◆ **Work required**
Search the data for the word "CrtYd". Reproduce every line where it is found.

[Extracted data entries]

┌────────

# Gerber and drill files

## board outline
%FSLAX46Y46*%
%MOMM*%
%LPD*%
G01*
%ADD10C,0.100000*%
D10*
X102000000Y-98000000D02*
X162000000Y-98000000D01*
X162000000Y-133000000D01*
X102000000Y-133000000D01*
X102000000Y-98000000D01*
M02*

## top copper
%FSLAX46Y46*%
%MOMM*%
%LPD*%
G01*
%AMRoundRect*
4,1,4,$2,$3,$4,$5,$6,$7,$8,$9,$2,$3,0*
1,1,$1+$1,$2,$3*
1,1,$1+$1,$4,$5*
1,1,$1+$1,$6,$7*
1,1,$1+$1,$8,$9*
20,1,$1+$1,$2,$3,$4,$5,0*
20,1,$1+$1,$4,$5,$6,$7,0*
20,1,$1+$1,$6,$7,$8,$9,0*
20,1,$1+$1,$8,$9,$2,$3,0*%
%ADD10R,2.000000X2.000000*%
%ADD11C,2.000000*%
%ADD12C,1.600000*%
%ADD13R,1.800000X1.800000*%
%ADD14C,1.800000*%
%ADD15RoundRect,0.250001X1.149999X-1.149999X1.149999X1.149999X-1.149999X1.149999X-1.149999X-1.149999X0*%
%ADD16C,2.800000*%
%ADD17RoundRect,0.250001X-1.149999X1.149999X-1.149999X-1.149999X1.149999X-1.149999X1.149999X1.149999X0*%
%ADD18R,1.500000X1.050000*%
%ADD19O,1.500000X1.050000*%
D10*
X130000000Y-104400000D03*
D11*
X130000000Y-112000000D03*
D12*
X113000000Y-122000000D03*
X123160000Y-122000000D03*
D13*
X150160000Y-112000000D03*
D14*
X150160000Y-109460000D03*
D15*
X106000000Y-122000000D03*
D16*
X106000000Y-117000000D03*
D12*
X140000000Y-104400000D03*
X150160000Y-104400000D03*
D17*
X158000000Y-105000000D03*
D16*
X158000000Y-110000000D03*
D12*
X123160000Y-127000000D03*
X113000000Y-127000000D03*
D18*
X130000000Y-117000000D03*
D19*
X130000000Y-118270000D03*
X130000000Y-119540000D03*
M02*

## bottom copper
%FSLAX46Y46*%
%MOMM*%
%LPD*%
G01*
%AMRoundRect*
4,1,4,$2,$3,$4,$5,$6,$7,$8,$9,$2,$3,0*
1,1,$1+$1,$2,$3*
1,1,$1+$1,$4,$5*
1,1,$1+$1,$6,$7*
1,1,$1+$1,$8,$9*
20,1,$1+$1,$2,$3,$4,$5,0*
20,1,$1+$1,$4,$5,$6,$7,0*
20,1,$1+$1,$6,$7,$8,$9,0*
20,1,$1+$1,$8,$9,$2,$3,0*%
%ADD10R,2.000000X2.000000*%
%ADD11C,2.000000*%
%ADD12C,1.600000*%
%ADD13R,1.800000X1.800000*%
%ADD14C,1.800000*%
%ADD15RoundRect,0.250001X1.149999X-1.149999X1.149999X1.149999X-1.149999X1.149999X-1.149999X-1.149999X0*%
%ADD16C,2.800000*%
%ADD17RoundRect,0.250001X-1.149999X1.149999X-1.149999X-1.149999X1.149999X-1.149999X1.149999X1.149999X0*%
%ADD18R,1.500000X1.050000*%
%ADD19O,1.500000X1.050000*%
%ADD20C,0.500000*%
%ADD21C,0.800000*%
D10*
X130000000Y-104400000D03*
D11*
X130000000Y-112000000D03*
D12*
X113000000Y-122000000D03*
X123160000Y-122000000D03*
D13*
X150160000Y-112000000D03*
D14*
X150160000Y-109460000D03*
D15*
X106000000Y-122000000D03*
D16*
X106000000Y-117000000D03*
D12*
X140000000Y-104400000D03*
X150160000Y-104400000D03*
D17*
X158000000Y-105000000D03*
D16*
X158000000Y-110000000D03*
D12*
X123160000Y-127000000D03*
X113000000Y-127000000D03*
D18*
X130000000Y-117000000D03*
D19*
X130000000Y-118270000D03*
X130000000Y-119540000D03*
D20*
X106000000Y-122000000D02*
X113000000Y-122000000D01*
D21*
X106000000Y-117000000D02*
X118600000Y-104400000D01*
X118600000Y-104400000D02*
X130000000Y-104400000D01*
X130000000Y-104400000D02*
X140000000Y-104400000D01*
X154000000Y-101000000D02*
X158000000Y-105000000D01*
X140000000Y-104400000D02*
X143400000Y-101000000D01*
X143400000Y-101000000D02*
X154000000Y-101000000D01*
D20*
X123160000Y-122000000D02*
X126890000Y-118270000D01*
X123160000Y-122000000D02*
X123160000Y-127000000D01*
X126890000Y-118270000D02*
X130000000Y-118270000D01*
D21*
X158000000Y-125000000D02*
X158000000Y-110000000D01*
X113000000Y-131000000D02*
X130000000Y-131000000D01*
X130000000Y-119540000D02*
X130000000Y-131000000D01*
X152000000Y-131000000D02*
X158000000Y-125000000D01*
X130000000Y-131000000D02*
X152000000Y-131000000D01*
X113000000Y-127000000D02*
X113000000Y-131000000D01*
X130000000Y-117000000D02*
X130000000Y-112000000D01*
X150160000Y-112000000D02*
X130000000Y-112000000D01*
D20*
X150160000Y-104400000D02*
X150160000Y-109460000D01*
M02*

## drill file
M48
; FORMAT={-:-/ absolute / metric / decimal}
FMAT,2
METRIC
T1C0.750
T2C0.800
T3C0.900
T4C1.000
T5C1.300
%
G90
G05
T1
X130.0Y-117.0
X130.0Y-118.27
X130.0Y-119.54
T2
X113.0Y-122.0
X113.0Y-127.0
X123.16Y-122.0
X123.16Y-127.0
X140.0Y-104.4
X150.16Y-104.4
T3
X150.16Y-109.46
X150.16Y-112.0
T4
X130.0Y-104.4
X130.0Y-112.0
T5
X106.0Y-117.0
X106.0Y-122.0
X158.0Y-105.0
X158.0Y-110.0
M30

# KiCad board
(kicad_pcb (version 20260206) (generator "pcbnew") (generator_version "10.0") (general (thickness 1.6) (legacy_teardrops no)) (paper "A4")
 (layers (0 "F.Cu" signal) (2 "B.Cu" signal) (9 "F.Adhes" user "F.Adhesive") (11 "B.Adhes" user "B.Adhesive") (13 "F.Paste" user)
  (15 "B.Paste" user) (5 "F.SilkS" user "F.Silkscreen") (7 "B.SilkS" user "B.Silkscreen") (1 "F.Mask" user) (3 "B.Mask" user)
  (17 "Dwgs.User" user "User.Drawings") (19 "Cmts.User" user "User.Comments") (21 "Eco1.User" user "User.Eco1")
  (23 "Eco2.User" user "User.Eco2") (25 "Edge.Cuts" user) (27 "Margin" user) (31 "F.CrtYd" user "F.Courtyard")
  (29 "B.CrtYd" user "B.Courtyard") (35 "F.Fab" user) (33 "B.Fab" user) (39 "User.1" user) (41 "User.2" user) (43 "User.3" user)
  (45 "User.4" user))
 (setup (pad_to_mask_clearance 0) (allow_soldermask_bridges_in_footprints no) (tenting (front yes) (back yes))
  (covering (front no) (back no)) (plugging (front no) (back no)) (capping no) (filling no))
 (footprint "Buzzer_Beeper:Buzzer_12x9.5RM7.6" (layer "F.Cu") (at 130 104.4 -90)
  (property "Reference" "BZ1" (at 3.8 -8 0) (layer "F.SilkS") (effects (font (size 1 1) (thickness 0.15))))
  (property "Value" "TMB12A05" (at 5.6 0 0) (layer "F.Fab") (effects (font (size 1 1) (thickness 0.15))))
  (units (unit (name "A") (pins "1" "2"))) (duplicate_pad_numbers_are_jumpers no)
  (pad "1" thru_hole rect (at 0 0 270) (size 2 2) (drill 1) (layers "*.Cu" "*.Mask") (remove_unused_layers no) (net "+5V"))
  (pad "2" thru_hole circle (at 7.6 0 270) (size 2 2) (drill 1) (layers "*.Cu" "*.Mask") (remove_unused_layers no) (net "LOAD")))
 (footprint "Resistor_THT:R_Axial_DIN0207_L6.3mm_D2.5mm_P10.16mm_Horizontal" (layer "F.Cu") (at 113 122)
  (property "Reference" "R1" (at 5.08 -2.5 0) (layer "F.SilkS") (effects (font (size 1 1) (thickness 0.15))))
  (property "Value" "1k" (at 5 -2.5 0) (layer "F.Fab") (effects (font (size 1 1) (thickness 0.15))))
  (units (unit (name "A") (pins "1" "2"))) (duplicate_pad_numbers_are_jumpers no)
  (pad "1" thru_hole circle (at 0 0) (size 1.6 1.6) (drill 0.8) (layers "*.Cu" "*.Mask") (remove_unused_layers no) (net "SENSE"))
  (pad "2" thru_hole circle (at 10.16 0) (size 1.6 1.6) (drill 0.8) (layers "*.Cu" "*.Mask") (remove_unused_layers no) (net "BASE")))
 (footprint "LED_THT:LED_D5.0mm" (layer "F.Cu") (at 150.16 112 90)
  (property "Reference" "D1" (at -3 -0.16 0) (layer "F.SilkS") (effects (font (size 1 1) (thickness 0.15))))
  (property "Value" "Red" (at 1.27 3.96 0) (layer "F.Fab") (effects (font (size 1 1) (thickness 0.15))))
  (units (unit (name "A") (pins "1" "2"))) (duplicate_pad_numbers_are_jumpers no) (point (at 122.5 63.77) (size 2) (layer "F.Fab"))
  (pad "1" thru_hole rect (at 0 0 90) (size 1.8 1.8) (drill 0.9) (layers "*.Cu" "*.Mask") (remove_unused_layers no) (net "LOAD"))
  (pad "2" thru_hole circle (at 2.54 0 90) (size 1.8 1.8) (drill 0.9) (layers "*.Cu" "*.Mask") (remove_unused_layers no) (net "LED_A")))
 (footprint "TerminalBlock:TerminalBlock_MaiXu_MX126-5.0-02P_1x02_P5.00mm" (layer "F.Cu") (at 106 122 90)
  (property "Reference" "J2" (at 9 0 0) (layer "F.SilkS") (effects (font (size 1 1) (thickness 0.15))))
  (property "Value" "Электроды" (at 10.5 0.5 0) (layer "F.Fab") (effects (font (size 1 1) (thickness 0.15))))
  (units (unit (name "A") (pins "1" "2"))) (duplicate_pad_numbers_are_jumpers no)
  (pad "1" thru_hole roundrect (at 0 0 90) (size 2.8 2.8) (drill 1.3) (layers "*.Cu" "*.Mask") (remove_unused_layers no)
   (roundrect_rratio 0.089286) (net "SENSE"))
  (pad "2" thru_hole circle (at 5 0 90) (size 2.8 2.8) (drill 1.3) (layers "*.Cu" "*.Mask") (remove_unused_layers no) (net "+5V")))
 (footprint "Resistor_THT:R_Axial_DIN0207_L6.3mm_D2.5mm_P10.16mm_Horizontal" (layer "F.Cu") (at 140 104.4)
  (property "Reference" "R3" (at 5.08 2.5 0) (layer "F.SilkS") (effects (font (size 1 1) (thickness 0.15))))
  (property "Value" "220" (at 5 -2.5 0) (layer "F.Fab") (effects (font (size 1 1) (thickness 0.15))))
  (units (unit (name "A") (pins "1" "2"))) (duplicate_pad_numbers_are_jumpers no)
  (pad "1" thru_hole circle (at 0 0) (size 1.6 1.6) (drill 0.8) (layers "*.Cu" "*.Mask") (remove_unused_layers no) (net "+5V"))
  (pad "2" thru_hole circle (at 10.16 0) (size 1.6 1.6) (drill 0.8) (layers "*.Cu" "*.Mask") (remove_unused_layers no) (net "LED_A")))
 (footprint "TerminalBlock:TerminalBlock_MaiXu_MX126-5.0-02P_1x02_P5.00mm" (layer "F.Cu") (at 158 105 -90)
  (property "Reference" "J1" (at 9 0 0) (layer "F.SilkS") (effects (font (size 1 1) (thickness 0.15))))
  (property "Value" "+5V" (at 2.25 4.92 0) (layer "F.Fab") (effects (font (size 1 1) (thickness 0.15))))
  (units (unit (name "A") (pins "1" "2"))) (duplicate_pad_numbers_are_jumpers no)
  (pad "1" thru_hole roundrect (at 0 0 270) (size 2.8 2.8) (drill 1.3) (layers "*.Cu" "*.Mask") (remove_unused_layers no)
   (roundrect_rratio 0.089286) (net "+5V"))
  (pad "2" thru_hole circle (at 5 0 270) (size 2.8 2.8) (drill 1.3) (layers "*.Cu" "*.Mask") (remove_unused_layers no) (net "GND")))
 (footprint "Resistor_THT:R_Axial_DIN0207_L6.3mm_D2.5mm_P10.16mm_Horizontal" (layer "F.Cu") (at 123.16 127 180)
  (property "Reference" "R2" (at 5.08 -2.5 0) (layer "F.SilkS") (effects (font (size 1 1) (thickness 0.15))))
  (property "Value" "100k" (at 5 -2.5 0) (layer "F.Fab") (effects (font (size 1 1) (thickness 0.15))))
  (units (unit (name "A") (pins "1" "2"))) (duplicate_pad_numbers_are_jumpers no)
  (pad "1" thru_hole circle (at 0 0 180) (size 1.6 1.6) (drill 0.8) (layers "*.Cu" "*.Mask") (remove_unused_layers no) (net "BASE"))
  (pad "2" thru_hole circle (at 10.16 0 180) (size 1.6 1.6) (drill 0.8) (layers "*.Cu" "*.Mask") (remove_unused_layers no) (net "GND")))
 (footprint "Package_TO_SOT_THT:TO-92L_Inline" (layer "F.Cu") (at 130 117 -90)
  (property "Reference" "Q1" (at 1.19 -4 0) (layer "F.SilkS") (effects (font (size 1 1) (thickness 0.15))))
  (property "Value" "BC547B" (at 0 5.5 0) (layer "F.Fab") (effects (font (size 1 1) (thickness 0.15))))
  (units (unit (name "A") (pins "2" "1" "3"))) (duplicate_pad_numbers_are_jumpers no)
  (pad "1" thru_hole rect (at 0 0 270) (size 1.05 1.5) (drill 0.75) (layers "*.Cu" "*.Mask") (remove_unused_layers no) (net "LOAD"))
  (pad "2" thru_hole oval (at 1.27 0 270) (size 1.05 1.5) (drill 0.75) (layers "*.Cu" "*.Mask") (remove_unused_layers no) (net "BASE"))
  (pad "3" thru_hole oval (at 2.54 0 270) (size 1.05 1.5) (drill 0.75) (layers "*.Cu" "*.Mask") (remove_unused_layers no) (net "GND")))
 (gr_rect (start 102 98) (end 162 133) (stroke (width 0.1) (type default)) (fill no) (layer "Edge.Cuts"))
 (segment (start 106 122) (end 113 122) (width 0.5) (layer "B.Cu") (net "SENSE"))
 (segment (start 106 117) (end 118.6 104.4) (width 0.8) (layer "B.Cu") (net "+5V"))
 (segment (start 118.6 104.4) (end 130 104.4) (width 0.8) (layer "B.Cu") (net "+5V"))
 (segment (start 130 104.4) (end 140 104.4) (width 0.8) (layer "B.Cu") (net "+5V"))
 (segment (start 154 101) (end 158 105) (width 0.8) (layer "B.Cu") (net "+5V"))
 (segment (start 140 104.4) (end 143.4 101) (width 0.8) (layer "B.Cu") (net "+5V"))
 (segment (start 143.4 101) (end 154 101) (width 0.8) (layer "B.Cu") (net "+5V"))
 (segment (start 123.16 122) (end 126.89 118.27) (width 0.5) (layer "B.Cu") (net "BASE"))
 (segment (start 123.16 122) (end 123.16 127) (width 0.5) (layer "B.Cu") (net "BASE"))
 (segment (start 126.89 118.27) (end 130 118.27) (width 0.5) (layer "B.Cu") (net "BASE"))
 (segment (start 158 125) (end 158 110) (width 0.8) (layer "B.Cu") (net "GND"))
 (segment (start 113 131) (end 130 131) (width 0.8) (layer "B.Cu") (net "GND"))
 (segment (start 130 119.54) (end 130 131) (width 0.8) (layer "B.Cu") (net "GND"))
 (segment (start 152 131) (end 158 125) (width 0.8) (layer "B.Cu") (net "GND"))
 (segment (start 130 131) (end 152 131) (width 0.8) (layer "B.Cu") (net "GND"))
 (segment (start 113 127) (end 113 131) (width 0.8) (layer "B.Cu") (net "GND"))
 (segment (start 130 117) (end 130 112) (width 0.8) (layer "B.Cu") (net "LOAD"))
 (segment (start 150.16 112) (end 130 112) (width 0.8) (layer "B.Cu") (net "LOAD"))
 (segment (start 150.16 104.4) (end 150.16 109.46) (width 0.5) (layer "B.Cu") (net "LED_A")))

└────────

◆ **Response to this exercise**
  (23 "Eco2.User" user "User.Eco2") (25 "Edge.Cuts" user) (27 "Margin" user) (31 "F.CrtYd" user "F.Courtyard")
  (29 "B.CrtYd" user "B.Courtyard") (35 "F.Fab" user) (33 "B.Fab" user) (39 "User.1" user) (41 "User.2" user) (43 "User.3" user)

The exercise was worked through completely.